▶ [Saved data entries]
BEGIN
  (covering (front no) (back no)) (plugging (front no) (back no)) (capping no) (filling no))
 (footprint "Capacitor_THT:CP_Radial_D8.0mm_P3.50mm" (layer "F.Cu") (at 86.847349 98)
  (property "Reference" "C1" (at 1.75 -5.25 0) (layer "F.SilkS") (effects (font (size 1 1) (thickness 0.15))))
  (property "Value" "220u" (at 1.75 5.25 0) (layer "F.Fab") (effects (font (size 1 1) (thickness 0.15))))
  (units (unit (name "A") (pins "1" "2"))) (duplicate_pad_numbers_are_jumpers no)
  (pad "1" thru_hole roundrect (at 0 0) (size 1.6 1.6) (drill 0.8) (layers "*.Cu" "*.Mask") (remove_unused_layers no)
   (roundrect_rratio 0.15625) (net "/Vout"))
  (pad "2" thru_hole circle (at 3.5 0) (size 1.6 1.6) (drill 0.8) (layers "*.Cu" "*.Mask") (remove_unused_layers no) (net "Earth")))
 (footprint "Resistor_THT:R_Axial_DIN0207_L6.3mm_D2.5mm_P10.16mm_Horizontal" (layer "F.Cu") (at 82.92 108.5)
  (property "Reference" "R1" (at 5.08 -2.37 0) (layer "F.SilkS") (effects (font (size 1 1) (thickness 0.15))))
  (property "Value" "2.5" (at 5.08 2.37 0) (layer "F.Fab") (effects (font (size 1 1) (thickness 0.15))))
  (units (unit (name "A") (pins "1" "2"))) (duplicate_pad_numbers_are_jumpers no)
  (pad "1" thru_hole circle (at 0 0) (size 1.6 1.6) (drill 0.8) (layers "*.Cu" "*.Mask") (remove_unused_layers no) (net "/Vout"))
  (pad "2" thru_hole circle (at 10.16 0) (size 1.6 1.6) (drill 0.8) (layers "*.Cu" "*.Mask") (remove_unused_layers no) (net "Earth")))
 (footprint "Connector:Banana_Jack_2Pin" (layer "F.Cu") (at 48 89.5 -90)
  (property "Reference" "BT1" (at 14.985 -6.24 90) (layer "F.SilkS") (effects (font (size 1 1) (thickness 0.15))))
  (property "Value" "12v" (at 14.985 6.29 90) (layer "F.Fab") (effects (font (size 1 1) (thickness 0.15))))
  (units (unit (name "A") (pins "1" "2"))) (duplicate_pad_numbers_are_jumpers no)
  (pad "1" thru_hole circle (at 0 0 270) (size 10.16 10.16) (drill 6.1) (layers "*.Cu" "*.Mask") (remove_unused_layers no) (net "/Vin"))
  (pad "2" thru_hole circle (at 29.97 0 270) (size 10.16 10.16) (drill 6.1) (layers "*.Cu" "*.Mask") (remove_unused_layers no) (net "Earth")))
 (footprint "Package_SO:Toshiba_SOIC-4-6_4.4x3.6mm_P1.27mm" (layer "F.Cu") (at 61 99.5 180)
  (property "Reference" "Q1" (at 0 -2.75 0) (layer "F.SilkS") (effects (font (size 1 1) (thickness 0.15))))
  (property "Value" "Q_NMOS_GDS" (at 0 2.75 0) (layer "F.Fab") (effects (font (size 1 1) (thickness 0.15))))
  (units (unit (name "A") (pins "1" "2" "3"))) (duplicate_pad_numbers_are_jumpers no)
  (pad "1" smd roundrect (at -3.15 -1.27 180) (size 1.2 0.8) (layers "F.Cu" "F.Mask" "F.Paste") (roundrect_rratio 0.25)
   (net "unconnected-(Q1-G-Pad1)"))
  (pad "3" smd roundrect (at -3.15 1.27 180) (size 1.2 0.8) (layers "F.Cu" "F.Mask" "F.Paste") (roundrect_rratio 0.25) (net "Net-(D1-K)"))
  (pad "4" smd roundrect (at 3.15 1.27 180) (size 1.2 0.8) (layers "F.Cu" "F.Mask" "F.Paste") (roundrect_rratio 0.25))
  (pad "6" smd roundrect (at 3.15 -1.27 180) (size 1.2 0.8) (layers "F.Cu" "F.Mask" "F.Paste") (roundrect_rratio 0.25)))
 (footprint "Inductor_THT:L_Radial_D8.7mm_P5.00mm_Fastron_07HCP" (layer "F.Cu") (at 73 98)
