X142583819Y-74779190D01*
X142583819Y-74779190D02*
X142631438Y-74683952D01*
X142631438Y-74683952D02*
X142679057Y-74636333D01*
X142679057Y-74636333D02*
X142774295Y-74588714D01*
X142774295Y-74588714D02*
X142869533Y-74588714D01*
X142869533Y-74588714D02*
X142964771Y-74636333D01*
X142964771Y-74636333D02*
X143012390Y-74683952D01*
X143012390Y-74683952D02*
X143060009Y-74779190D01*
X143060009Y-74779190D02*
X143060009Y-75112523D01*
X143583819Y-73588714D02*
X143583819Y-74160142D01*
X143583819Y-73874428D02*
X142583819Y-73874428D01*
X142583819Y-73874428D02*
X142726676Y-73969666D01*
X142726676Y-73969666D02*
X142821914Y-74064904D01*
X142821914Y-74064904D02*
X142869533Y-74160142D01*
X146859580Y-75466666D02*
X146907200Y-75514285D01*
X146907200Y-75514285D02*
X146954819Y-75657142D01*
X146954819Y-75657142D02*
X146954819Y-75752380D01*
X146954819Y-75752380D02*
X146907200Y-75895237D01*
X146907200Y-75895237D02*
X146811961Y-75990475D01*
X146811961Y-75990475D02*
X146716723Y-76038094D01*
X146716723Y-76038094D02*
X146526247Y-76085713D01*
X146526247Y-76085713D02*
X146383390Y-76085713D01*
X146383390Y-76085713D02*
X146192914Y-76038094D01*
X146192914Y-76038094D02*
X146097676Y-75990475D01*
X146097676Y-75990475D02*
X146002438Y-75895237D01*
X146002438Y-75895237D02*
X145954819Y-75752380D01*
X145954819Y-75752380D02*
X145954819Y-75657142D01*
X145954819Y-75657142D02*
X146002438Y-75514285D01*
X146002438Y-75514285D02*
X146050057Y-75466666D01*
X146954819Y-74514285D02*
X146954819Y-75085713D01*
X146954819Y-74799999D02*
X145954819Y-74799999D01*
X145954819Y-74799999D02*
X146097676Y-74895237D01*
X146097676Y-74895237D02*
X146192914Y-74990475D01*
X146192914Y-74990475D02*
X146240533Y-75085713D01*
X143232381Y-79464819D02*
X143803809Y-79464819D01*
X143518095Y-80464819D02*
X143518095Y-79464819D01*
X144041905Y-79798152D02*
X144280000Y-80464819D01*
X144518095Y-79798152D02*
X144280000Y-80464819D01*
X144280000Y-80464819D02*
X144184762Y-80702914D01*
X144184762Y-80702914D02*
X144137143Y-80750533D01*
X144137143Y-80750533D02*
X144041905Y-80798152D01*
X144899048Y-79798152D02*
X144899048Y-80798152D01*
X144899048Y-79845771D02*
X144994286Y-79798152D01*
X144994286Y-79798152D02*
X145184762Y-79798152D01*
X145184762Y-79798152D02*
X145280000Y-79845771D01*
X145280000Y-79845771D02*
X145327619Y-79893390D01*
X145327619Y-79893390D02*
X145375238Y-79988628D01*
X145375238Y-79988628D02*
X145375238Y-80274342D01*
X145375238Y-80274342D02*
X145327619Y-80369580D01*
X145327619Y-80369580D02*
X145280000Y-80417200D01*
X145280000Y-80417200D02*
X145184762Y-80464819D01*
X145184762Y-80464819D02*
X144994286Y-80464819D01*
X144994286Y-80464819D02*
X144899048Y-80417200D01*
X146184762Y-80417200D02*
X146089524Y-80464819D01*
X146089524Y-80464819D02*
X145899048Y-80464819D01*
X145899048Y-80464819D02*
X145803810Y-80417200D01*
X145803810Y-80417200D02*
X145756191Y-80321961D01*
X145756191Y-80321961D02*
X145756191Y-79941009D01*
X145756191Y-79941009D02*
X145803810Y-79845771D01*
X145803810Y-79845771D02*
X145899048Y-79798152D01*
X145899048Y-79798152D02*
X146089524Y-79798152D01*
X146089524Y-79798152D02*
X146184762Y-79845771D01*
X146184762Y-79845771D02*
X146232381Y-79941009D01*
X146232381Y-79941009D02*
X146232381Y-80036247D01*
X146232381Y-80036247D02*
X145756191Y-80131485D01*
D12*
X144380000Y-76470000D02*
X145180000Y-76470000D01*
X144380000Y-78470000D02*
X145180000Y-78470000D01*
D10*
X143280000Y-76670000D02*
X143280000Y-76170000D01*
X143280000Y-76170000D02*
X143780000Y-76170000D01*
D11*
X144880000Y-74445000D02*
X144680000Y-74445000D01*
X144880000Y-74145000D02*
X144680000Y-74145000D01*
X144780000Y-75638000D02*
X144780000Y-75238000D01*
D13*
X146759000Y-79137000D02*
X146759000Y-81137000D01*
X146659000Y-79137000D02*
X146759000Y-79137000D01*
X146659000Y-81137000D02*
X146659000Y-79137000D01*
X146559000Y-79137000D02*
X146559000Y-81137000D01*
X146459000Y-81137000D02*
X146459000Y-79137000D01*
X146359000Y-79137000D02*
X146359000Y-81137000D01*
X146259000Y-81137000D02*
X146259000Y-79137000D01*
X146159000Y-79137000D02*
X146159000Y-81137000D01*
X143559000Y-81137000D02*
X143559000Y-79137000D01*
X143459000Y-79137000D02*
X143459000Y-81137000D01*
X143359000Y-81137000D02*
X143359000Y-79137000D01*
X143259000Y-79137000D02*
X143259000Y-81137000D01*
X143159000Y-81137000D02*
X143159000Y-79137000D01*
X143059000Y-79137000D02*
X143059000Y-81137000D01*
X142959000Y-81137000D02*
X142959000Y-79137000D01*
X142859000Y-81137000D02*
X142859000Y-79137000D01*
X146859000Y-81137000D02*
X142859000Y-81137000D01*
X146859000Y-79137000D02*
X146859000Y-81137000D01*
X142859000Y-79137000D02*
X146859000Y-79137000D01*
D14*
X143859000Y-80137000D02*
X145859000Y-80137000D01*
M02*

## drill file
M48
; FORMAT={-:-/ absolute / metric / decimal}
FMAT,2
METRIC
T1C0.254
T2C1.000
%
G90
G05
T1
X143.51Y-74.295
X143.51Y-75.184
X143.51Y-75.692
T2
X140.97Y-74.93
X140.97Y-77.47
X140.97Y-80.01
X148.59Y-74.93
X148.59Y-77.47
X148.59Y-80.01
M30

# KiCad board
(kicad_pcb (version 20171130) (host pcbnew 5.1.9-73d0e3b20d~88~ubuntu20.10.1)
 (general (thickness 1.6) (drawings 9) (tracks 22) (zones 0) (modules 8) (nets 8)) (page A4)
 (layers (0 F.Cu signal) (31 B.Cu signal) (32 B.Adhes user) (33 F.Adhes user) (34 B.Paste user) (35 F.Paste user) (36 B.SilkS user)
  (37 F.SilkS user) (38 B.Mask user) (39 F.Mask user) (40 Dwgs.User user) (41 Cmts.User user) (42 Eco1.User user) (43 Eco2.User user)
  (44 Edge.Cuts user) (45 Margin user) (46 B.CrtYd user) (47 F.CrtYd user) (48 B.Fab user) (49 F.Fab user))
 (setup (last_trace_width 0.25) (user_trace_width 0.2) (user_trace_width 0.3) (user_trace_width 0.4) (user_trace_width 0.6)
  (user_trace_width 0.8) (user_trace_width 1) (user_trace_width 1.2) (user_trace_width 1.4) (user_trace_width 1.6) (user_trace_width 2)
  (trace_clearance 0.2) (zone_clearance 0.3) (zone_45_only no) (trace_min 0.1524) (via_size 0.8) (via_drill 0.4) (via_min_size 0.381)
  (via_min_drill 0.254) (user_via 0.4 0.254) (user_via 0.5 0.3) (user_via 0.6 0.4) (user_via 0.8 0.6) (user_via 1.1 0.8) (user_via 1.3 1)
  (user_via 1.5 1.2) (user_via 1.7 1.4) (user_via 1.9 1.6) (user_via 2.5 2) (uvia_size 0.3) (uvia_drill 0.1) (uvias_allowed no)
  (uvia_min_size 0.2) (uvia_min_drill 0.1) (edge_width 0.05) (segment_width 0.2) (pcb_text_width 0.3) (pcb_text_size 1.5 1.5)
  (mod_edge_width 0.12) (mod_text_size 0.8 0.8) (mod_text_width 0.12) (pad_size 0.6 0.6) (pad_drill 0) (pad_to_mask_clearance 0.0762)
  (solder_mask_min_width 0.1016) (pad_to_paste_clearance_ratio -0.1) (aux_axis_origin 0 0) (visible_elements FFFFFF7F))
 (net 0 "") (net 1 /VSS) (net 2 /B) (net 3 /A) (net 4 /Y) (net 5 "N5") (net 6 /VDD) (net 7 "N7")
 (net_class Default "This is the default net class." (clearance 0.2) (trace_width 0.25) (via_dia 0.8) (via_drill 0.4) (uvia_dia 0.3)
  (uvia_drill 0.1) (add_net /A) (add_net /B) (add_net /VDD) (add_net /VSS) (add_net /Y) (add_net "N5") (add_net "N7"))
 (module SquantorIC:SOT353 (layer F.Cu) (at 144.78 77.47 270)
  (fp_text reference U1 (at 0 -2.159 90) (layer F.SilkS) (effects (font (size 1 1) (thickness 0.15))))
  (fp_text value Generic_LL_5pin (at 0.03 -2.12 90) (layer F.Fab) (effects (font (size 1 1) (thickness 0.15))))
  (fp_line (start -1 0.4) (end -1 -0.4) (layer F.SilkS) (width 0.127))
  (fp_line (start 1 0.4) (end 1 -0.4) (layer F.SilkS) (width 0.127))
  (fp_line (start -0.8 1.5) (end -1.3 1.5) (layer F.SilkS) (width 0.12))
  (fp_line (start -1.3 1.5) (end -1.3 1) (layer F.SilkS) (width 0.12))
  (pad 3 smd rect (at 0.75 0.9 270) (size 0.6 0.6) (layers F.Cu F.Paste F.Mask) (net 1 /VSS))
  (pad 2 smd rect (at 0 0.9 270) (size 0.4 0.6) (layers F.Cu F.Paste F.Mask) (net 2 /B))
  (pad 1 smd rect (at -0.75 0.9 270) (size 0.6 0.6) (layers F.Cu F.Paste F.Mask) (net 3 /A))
END
▶ [Problem to solve] Gather and copy every line of the data in which the string "start" is found.

▶ [Task response]
  (fp_line (start -1 0.4) (end -1 -0.4) (layer F.SilkS) (width 0.127))
  (fp_line (start 1 0.4) (end 1 -0.4) (layer F.SilkS) (width 0.127))
  (fp_line (start -0.8 1.5) (end -1.3 1.5) (layer F.SilkS) (width 0.12))
  (fp_line (start -1.3 1.5) (end -1.3 1) (layer F.SilkS) (width 0.12))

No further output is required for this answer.